Author: David Hildenbrand <david@redhat.com>
Date:   Wed Apr 3 23:21:30 2024 +0200

    x86/mm/pat: fix VM_PAT handling in COW mappings
    
    commit 04c35ab3bdae7fefbd7c7a7355f29fa03a035221 upstream.
    
    PAT handling won't do the right thing in COW mappings: the first PTE (or,
    in fact, all PTEs) can be replaced during write faults to point at anon
    folios.  Reliably recovering the correct PFN and cachemode using
    follow_phys() from PTEs will not work in COW mappings.
    
    Using follow_phys(), we might just get the address+protection of the anon
    folio (which is very wrong), or fail on swap/nonswap entries, failing
    follow_phys() and triggering a WARN_ON_ONCE() in untrack_pfn() and
    track_pfn_copy(), not properly calling free_pfn_range().
    
    In free_pfn_range(), we either wouldn't call memtype_free() or would call
    it with the wrong range, possibly leaking memory.
    
    To fix that, let's update follow_phys() to refuse returning anon folios,
    and fallback to using the stored PFN inside vma->vm_pgoff for COW mappings
    if we run into that.
    
    We will now properly handle untrack_pfn() with COW mappings, where we
    don't need the cachemode.  We'll have to fail fork()->track_pfn_copy() if
    the first page was replaced by an anon folio, though: we'd have to store
    the cachemode in the VMA to make this work, likely growing the VMA size.
    
    For now, lets keep it simple and let track_pfn_copy() just fail in that
    case: it would have failed in the past with swap/nonswap entries already,
    and it would have done the wrong thing with anon folios.
    
    Simple reproducer to trigger the WARN_ON_ONCE() in untrack_pfn():
    
    <--- C reproducer --->
     #include <stdio.h>
     #include <sys/mman.h>
     #include <unistd.h>
     #include <liburing.h>
    
     int main(void)
     {
             struct io_uring_params p = {};
             int ring_fd;
             size_t size;
             char *map;
    
             ring_fd = io_uring_setup(1, &p);
             if (ring_fd < 0) {
                     perror("io_uring_setup");
                     return 1;
             }
             size = p.sq_off.array + p.sq_entries * sizeof(unsigned);
    
             /* Map the submission queue ring MAP_PRIVATE */
             map = mmap(0, size, PROT_READ | PROT_WRITE, MAP_PRIVATE,
                        ring_fd, IORING_OFF_SQ_RING);
             if (map == MAP_FAILED) {
                     perror("mmap");
                     return 1;
             }
    
             /* We have at least one page.

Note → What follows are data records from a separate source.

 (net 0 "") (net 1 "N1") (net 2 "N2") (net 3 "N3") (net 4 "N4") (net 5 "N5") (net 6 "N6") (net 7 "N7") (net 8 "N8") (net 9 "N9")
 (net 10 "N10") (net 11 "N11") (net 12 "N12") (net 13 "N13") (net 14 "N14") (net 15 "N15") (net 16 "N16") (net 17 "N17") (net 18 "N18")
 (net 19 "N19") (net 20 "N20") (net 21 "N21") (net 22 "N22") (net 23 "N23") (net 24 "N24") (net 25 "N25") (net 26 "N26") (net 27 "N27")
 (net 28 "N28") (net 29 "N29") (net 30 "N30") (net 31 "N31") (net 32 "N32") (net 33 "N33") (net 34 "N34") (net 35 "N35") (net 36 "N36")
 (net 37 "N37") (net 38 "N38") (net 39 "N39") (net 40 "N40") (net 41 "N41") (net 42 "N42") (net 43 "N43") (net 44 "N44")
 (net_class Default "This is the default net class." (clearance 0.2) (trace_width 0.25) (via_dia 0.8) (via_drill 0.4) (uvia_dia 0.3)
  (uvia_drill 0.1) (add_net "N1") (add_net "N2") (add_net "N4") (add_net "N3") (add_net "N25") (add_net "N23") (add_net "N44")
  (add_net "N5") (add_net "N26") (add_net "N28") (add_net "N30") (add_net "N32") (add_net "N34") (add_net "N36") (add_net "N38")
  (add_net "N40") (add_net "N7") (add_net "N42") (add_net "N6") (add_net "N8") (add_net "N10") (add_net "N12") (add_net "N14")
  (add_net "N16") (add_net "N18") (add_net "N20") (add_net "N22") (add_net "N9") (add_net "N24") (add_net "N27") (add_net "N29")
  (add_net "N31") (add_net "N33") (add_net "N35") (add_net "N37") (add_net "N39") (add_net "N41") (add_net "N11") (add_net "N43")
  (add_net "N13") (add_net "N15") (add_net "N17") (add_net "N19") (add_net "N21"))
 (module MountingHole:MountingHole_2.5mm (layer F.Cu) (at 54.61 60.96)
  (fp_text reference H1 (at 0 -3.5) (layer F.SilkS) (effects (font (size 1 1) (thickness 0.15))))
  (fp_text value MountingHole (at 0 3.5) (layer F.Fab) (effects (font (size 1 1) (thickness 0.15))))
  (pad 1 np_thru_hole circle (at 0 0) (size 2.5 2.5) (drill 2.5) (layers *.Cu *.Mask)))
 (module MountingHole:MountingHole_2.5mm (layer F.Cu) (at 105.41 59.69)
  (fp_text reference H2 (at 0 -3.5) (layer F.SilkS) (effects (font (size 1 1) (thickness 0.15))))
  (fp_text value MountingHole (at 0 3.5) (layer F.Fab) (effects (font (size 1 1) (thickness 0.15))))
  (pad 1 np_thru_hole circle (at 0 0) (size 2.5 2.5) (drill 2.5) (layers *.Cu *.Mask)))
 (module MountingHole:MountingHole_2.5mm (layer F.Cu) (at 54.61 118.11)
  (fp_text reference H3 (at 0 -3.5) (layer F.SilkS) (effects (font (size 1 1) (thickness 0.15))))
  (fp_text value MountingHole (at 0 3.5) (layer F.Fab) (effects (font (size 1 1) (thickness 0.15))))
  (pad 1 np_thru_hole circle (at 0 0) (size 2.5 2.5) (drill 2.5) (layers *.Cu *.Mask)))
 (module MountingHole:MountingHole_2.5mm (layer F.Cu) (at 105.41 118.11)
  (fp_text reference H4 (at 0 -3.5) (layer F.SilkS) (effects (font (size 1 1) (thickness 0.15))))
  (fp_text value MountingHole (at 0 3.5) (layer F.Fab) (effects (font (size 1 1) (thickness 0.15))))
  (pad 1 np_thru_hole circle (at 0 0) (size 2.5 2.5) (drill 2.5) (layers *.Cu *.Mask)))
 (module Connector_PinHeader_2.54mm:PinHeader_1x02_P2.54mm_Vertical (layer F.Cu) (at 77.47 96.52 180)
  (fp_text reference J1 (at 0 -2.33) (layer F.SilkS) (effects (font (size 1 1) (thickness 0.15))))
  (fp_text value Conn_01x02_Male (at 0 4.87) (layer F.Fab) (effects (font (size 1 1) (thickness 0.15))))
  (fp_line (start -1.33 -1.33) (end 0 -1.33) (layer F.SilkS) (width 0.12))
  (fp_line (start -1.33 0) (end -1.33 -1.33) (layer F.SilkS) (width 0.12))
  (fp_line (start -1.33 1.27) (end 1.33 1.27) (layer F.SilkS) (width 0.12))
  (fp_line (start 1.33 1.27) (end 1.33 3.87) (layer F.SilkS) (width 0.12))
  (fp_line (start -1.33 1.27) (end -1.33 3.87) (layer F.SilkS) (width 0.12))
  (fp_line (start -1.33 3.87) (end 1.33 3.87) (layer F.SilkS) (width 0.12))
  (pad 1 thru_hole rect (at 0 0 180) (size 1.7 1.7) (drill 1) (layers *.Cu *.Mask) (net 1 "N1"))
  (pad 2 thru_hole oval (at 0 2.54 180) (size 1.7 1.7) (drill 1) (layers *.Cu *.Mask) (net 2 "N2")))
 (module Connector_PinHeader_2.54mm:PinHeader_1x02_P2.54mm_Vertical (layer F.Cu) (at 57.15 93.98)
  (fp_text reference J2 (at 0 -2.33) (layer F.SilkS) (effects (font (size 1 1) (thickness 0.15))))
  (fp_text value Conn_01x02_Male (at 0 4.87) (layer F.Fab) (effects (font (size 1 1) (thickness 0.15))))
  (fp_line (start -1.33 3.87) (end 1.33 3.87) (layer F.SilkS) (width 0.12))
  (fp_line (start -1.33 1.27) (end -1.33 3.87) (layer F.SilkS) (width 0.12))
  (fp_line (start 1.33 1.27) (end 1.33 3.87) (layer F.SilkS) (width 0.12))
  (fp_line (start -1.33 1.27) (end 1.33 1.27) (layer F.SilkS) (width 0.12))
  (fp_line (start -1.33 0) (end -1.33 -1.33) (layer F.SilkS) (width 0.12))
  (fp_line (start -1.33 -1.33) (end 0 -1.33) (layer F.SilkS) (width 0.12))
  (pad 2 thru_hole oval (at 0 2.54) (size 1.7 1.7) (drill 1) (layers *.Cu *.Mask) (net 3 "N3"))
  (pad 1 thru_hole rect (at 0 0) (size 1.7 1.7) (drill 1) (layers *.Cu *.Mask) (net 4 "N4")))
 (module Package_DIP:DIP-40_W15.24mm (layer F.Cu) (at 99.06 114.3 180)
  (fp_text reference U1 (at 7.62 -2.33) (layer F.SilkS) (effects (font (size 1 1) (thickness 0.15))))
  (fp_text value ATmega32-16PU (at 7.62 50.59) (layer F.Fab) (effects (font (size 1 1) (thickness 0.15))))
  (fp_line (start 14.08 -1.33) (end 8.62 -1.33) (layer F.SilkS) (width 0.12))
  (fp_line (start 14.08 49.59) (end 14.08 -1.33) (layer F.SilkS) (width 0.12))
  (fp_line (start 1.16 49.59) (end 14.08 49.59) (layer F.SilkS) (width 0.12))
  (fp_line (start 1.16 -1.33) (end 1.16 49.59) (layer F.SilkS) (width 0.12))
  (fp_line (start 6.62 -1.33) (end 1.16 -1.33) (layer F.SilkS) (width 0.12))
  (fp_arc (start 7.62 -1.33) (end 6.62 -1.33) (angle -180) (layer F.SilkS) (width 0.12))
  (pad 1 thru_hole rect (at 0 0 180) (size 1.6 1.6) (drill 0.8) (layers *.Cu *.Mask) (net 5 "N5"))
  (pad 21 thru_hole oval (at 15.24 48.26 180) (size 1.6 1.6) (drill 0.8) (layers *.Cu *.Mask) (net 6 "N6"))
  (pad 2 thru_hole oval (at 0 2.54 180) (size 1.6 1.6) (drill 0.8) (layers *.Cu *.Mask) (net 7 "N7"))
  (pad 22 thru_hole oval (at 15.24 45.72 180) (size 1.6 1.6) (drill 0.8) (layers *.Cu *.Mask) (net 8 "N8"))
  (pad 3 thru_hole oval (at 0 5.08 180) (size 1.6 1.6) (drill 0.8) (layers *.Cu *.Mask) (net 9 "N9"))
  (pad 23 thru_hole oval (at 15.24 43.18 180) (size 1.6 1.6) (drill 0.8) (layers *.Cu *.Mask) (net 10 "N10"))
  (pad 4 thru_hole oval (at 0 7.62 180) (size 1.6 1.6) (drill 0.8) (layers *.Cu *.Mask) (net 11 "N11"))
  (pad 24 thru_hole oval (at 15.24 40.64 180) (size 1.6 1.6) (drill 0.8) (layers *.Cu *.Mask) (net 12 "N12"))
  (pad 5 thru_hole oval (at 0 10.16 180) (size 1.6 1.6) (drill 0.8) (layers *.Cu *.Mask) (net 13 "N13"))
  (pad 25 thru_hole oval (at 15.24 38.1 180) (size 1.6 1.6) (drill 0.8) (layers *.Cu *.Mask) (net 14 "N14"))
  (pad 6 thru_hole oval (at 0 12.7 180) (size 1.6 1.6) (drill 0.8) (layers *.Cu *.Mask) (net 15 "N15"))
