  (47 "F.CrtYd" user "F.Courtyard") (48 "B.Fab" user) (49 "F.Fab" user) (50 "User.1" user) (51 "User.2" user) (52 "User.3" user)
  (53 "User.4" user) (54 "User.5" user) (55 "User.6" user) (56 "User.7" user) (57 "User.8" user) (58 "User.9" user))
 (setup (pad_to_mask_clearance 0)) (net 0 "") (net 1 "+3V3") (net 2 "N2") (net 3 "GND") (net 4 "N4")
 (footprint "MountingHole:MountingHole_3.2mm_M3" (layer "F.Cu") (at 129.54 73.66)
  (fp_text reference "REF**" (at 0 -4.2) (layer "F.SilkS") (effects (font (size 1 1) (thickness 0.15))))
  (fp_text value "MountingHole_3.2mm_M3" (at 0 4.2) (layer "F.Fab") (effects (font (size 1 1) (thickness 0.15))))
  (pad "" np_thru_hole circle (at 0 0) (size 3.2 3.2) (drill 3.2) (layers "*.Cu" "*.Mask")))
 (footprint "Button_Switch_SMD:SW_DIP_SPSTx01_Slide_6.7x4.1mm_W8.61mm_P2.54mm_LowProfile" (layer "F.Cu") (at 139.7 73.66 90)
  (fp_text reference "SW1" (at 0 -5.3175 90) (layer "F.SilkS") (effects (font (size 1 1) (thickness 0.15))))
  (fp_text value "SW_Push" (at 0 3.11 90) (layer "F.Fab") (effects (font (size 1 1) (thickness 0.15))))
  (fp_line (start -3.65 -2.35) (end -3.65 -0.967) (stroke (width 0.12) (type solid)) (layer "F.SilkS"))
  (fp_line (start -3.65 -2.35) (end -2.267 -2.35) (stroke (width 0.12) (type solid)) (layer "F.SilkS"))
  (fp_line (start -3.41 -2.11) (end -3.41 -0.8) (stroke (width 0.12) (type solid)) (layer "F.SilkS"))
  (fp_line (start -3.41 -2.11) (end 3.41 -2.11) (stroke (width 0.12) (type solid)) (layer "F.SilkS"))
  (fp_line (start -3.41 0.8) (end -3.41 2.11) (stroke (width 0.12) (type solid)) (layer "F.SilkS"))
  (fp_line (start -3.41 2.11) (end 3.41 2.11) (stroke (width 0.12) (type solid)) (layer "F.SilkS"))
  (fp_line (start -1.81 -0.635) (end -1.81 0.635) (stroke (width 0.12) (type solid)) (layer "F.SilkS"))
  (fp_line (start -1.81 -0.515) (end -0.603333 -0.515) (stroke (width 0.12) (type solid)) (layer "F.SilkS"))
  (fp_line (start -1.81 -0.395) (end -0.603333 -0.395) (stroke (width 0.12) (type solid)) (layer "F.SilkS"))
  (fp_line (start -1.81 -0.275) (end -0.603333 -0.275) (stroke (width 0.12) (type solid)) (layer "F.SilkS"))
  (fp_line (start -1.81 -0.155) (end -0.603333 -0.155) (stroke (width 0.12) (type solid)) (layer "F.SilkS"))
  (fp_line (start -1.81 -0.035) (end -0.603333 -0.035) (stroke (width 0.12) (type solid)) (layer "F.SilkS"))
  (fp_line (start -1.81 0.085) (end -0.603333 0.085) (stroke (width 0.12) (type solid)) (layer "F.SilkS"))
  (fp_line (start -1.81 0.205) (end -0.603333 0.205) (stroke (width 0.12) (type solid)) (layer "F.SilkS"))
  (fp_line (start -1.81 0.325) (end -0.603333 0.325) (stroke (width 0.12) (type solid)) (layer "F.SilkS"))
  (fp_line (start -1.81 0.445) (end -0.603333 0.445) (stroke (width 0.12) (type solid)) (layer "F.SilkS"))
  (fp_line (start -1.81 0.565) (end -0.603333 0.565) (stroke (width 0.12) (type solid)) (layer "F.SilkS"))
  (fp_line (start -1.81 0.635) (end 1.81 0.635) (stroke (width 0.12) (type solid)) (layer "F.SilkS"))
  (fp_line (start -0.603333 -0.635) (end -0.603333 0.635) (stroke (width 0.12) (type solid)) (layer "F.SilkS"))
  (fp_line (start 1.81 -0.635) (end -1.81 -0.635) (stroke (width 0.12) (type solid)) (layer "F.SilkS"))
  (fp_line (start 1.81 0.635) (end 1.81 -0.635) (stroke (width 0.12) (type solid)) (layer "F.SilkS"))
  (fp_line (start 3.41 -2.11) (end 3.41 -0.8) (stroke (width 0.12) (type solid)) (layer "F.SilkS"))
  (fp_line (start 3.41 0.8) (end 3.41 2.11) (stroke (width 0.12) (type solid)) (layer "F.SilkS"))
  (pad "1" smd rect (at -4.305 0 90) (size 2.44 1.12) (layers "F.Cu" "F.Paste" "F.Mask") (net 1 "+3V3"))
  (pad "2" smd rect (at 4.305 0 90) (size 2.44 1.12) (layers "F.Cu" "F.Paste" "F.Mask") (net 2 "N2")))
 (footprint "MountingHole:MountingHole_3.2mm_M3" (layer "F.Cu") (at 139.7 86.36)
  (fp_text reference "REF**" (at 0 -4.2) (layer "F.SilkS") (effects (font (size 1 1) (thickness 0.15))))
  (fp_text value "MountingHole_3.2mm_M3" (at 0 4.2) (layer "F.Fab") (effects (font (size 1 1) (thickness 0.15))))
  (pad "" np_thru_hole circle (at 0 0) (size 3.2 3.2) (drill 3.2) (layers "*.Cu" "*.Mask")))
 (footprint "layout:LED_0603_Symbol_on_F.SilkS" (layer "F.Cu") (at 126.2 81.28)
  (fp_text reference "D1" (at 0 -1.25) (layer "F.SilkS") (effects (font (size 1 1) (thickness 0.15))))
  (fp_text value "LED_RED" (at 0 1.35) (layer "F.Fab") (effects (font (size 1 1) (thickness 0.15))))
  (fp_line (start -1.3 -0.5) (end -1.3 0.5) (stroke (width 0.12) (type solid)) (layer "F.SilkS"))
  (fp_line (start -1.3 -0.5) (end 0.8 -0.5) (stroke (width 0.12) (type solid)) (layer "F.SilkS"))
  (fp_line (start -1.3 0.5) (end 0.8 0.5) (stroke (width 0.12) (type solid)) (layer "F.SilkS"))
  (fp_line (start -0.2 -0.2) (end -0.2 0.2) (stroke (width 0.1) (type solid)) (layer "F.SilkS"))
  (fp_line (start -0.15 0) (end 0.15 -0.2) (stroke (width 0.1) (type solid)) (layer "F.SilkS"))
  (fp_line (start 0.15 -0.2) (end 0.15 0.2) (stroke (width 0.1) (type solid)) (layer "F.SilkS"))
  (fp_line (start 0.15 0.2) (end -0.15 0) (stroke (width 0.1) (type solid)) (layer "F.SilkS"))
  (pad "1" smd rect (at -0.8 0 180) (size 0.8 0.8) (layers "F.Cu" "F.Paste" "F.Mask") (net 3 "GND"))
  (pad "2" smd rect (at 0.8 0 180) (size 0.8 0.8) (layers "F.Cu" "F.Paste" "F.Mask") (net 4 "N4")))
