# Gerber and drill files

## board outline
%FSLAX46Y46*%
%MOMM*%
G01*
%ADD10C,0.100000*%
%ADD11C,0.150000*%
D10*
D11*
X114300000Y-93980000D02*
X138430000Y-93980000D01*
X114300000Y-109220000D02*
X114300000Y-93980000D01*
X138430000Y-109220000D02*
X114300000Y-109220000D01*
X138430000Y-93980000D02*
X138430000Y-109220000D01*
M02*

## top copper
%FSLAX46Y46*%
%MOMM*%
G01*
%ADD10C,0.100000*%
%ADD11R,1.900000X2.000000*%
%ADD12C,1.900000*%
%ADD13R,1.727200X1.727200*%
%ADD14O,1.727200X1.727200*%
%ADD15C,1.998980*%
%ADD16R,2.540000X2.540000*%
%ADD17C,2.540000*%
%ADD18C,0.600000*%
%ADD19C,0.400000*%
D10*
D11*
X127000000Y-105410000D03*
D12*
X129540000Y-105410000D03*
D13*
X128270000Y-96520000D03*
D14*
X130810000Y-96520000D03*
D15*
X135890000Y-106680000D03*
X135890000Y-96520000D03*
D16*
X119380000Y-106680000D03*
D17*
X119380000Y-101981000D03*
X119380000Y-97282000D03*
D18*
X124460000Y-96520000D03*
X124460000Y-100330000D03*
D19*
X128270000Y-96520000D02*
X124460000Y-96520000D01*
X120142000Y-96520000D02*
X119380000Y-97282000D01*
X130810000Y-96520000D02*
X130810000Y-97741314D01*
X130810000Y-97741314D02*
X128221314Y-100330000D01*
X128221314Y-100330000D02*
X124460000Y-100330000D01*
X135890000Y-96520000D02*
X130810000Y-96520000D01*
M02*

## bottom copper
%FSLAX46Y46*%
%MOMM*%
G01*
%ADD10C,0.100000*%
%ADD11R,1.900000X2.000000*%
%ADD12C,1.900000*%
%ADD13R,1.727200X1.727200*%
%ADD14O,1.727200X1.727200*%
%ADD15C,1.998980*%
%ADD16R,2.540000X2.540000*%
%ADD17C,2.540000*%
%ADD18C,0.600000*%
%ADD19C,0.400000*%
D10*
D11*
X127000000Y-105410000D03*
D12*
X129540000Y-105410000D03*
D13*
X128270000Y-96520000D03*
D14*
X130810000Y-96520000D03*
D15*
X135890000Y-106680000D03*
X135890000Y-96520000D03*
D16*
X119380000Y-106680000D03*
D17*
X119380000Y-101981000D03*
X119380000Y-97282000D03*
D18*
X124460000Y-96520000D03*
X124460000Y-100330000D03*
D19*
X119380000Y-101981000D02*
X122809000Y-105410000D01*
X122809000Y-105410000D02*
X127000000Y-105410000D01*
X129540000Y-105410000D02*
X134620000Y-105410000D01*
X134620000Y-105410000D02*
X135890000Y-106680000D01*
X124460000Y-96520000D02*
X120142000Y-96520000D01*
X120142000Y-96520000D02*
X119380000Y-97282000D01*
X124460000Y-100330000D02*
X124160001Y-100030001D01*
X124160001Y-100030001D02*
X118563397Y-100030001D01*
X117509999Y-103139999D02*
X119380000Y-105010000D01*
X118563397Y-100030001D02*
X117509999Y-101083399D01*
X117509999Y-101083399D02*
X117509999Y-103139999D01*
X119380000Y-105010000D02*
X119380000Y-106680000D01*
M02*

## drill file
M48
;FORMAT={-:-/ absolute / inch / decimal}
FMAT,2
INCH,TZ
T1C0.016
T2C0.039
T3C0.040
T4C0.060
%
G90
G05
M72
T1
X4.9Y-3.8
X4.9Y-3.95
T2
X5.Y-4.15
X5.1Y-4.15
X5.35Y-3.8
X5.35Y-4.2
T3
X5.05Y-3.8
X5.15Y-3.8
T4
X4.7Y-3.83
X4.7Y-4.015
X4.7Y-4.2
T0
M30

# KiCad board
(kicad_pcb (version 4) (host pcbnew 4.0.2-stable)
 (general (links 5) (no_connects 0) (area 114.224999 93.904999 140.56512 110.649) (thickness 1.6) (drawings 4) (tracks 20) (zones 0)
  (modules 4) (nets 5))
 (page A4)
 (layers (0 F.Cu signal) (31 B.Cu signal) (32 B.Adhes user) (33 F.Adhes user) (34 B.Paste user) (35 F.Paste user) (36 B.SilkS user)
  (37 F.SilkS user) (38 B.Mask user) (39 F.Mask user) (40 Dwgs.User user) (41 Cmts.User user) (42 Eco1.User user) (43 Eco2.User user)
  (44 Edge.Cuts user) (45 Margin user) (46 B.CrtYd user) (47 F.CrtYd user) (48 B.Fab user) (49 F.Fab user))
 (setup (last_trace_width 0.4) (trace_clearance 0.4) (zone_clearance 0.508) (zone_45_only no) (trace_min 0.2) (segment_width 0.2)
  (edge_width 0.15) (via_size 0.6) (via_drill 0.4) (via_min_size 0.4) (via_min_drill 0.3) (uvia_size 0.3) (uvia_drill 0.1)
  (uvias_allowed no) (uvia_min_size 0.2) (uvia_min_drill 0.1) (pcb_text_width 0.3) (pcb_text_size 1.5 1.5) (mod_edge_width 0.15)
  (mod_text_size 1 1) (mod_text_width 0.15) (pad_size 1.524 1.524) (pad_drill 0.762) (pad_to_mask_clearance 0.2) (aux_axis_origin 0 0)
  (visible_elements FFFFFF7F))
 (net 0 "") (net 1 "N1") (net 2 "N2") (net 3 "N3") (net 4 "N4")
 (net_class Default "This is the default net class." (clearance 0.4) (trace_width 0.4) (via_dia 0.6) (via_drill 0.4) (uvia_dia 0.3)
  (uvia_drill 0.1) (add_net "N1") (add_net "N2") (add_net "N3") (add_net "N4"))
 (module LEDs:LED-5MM (layer F.Cu) (at 127 105.41)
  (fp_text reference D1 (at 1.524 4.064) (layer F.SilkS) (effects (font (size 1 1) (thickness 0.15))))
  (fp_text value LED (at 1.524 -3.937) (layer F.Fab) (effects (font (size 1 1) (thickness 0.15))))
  (pad 1 thru_hole rect (at 0 0 90) (size 2 1.9) (drill 1.00076) (layers *.Cu *.Mask F.SilkS) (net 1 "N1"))
  (pad 2 thru_hole circle (at 2.54 0) (size 1.9 1.9) (drill 1.00076) (layers *.Cu *.Mask F.SilkS) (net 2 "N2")))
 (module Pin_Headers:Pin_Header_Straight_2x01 (layer B.Cu) (at 128.27 96.52)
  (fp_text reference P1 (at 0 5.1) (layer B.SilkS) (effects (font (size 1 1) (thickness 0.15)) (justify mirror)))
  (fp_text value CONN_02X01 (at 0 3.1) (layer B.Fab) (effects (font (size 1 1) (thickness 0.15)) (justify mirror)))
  (pad 1 thru_hole rect (at 0 0) (size 1.7272 1.7272) (drill 1.016) (layers *.Cu *.Mask B.SilkS) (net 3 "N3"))
  (pad 2 thru_hole oval (at 2.54 0) (size 1.7272 1.7272) (drill 1.016) (layers *.Cu *.Mask B.SilkS) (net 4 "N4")))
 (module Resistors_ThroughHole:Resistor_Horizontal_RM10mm (layer B.Cu) (at 135.89 106.68 90)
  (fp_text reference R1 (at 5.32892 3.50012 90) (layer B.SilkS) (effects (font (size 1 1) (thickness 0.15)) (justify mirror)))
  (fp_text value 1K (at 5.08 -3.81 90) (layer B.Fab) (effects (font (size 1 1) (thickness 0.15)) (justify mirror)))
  (pad 1 thru_hole circle (at 0 0 90) (size 1.99898 1.99898) (drill 1.00076) (layers *.Cu *.SilkS *.Mask) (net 2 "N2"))
  (pad 2 thru_hole circle (at 10.16 0 90) (size 1.99898 1.99898) (drill 1.00076) (layers *.Cu *.SilkS *.Mask) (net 4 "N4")))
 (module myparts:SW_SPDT (layer F.Cu) (at 119.38 101.981 90)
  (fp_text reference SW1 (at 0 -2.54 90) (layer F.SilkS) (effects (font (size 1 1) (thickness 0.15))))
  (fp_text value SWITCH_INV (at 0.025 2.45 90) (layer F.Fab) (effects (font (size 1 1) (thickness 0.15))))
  (pad 1 thru_hole rect (at -4.699 0 90) (size 2.54 2.54) (drill 1.524) (layers *.Cu *.Mask F.SilkS) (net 4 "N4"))
  (pad 2 thru_hole circle (at 0 0 90) (size 2.54 2.54) (drill 1.524) (layers *.Cu *.Mask F.SilkS) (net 1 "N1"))
  (pad 3 thru_hole circle (at 4.699 0 90) (size 2.54 2.54) (drill 1.524) (layers *.Cu *.Mask F.SilkS) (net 3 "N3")))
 (gr_line (start 114.3 93.98) (end 138.43 93.98) (layer Edge.Cuts) (width 0.15))
 (gr_line (start 114.3 109.22) (end 114.3 93.98) (layer Edge.Cuts) (width 0.15))
 (gr_line (start 138.43 109.22) (end 114.3 109.22) (layer Edge.Cuts) (width 0.15))
 (gr_line (start 138.43 93.98) (end 138.43 109.22) (layer Edge.Cuts) (width 0.15))
 (segment (start 119.38 101.981) (end 122.809 105.41) (width 0.4) (layer B.Cu) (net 1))
 (segment (start 122.809 105.41) (end 127 105.41) (width 0.4) (layer B.Cu) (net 1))
 (segment (start 129.54 105.41) (end 134.62 105.41) (width 0.4) (layer B.Cu) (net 2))
 (segment (start 134.62 105.41) (end 135.89 106.68) (width 0.4) (layer B.Cu) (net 2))
 (segment (start 124.46 96.52) (end 120.142 96.52) (width 0.4) (layer B.Cu) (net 3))
 (segment (start 120.142 96.52) (end 119.38 97.282) (width 0.4) (layer B.Cu) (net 3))
 (segment (start 128.27 96.52) (end 124.46 96.52) (width 0.4) (layer F.Cu) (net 3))
 (via (at 124.46 96.52) (size 0.6) (drill 0.4) (layers F.Cu B.Cu) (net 3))
 (segment (start 120.142 96.52) (end 119.38 97.282) (width 0.4) (layer F.Cu) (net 3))
 (segment (start 124.46 100.33) (end 124.160001 100.030001) (width 0.4) (layer B.Cu) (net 4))
 (segment (start 124.160001 100.030001) (end 118.563397 100.030001) (width 0.4) (layer B.Cu) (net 4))
 (segment (start 117.509999 103.139999) (end 119.38 105.01) (width 0.4) (layer B.Cu) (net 4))
 (segment (start 118.563397 100.030001) (end 117.509999 101.083399) (width 0.4) (layer B.Cu) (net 4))
 (segment (start 117.509999 101.083399) (end 117.509999 103.139999) (width 0.4) (layer B.Cu) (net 4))
 (segment (start 119.38 105.01) (end 119.38 106.68) (width 0.4) (layer B.Cu) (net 4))
 (segment (start 130.81 96.52) (end 130.81 97.741314) (width 0.4) (layer F.Cu) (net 4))
 (segment (start 130.81 97.741314) (end 128.221314 100.33) (width 0.4) (layer F.Cu) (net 4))
 (segment (start 128.221314 100.33) (end 124.46 100.33) (width 0.4) (layer F.Cu) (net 4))
 (via (at 124.46 100.33) (size 0.6) (drill 0.4) (layers F.Cu B.Cu) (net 4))
 (segment (start 135.89 96.52) (end 130.81 96.52) (width 0.4) (layer F.Cu) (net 4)))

Let's COW it. */
             *map = 0;
             pause();
             return 0;
     }
    <--- C reproducer --->
    
    On a system with 16 GiB RAM and swap configured:
     # ./iouring &
     # memhog 16G
     # killall iouring
    [  301.552930] ------------[ cut here ]------------
    [  301.553285] WARNING: CPU: 7 PID: 1402 at arch/x86/mm/pat/memtype.c:1060 untrack_pfn+0xf4/0x100
    [  301.553989] Modules linked in: binfmt_misc nft_fib_inet nft_fib_ipv4 nft_fib_ipv6 nft_fib nft_reject_g
    [  301.558232] CPU: 7 PID: 1402 Comm: iouring Not tainted 6.7.5-100.fc38.x86_64 #1
    [  301.558772] Hardware name: QEMU Standard PC (Q35 + ICH9, 2009), BIOS rel-1.16.3-0-ga6ed6b701f0a-prebu4
    [  301.559569] RIP: 0010:untrack_pfn+0xf4/0x100
    [  301.559893] Code: 75 c4 eb cf 48 8b 43 10 8b a8 e8 00 00 00 3b 6b 28 74 b8 48 8b 7b 30 e8 ea 1a f7 000
    [  301.561189] RSP: 0018:ffffba2c0377fab8 EFLAGS: 00010282
    [  301.561590] RAX: 00000000ffffffea RBX: ffff9208c8ce9cc0 RCX: 000000010455e047
    [  301.562105] RDX: 07fffffff0eb1e0a RSI: 0000000000000000 RDI: ffff9208c391d200
    [  301.562628] RBP: 0000000000000000 R08: ffffba2c0377fab8 R09: 0000000000000000
    [  301.563145] R10: ffff9208d2292d50 R11: 0000000000000002 R12: 00007fea890e0000
    [  301.563669] R13: 0000000000000000 R14: ffffba2c0377fc08 R15: 0000000000000000
    [  301.564186] FS:  0000000000000000(0000) GS:ffff920c2fbc0000(0000) knlGS:0000000000000000
    [  301.564773] CS:  0010 DS: 0000 ES: 0000 CR0: 0000000080050033
    [  301.565197] CR2: 00007fea88ee8a20 CR3: 00000001033a8000 CR4: 0000000000750ef0
    [  301.565725] PKRU: 55555554
    [  301.565944] Call Trace:
    [  301.566148]  <TASK>
    [  301.566325]  ? untrack_pfn+0xf4/0x100
    [  301.566618]  ? __warn+0x81/0x130
    [  301.566876]  ? untrack_pfn+0xf4/0x100
    [  301.567163]  ? report_bug+0x171/0x1a0
    [  301.567466]  ? handle_bug+0x3c/0x80
    [  301.567743]  ? exc_invalid_op+0x17/0x70
    [  301.568038]  ? asm_exc_invalid_op+0x1a/0x20
    [  301.568363]  ? untrack_pfn+0xf4/0x100
    [  301.568660]  ? untrack_pfn+0x65/0x100
    [  301.568947]  unmap_single_vma+0xa6/0xe0
    [  301.569247]  unmap_vmas+0xb5/0x190
    [  301.569532]  exit_mmap+0xec/0x340
    [  301.569801]  __mmput+0x3e/0x130
    [  301.570051]  do_exit+0x305/0xaf0
    ...
    
    Link: https://lkml.kernel.org/r/20240403212131.929421-3-david@redhat.com
    Signed-off-by: David Hildenbrand <david@redhat.com>
    Reported-by: Wupeng Ma <mawupeng1@huawei.com>
    Closes: https://lkml.kernel.org/r/20240227122814.3781907-1-mawupeng1@huawei.com
    Fixes: b1a86e15dc03 ("x86, pat: remove the dependency on 'vm_pgoff' in track/untrack pfn vma routines")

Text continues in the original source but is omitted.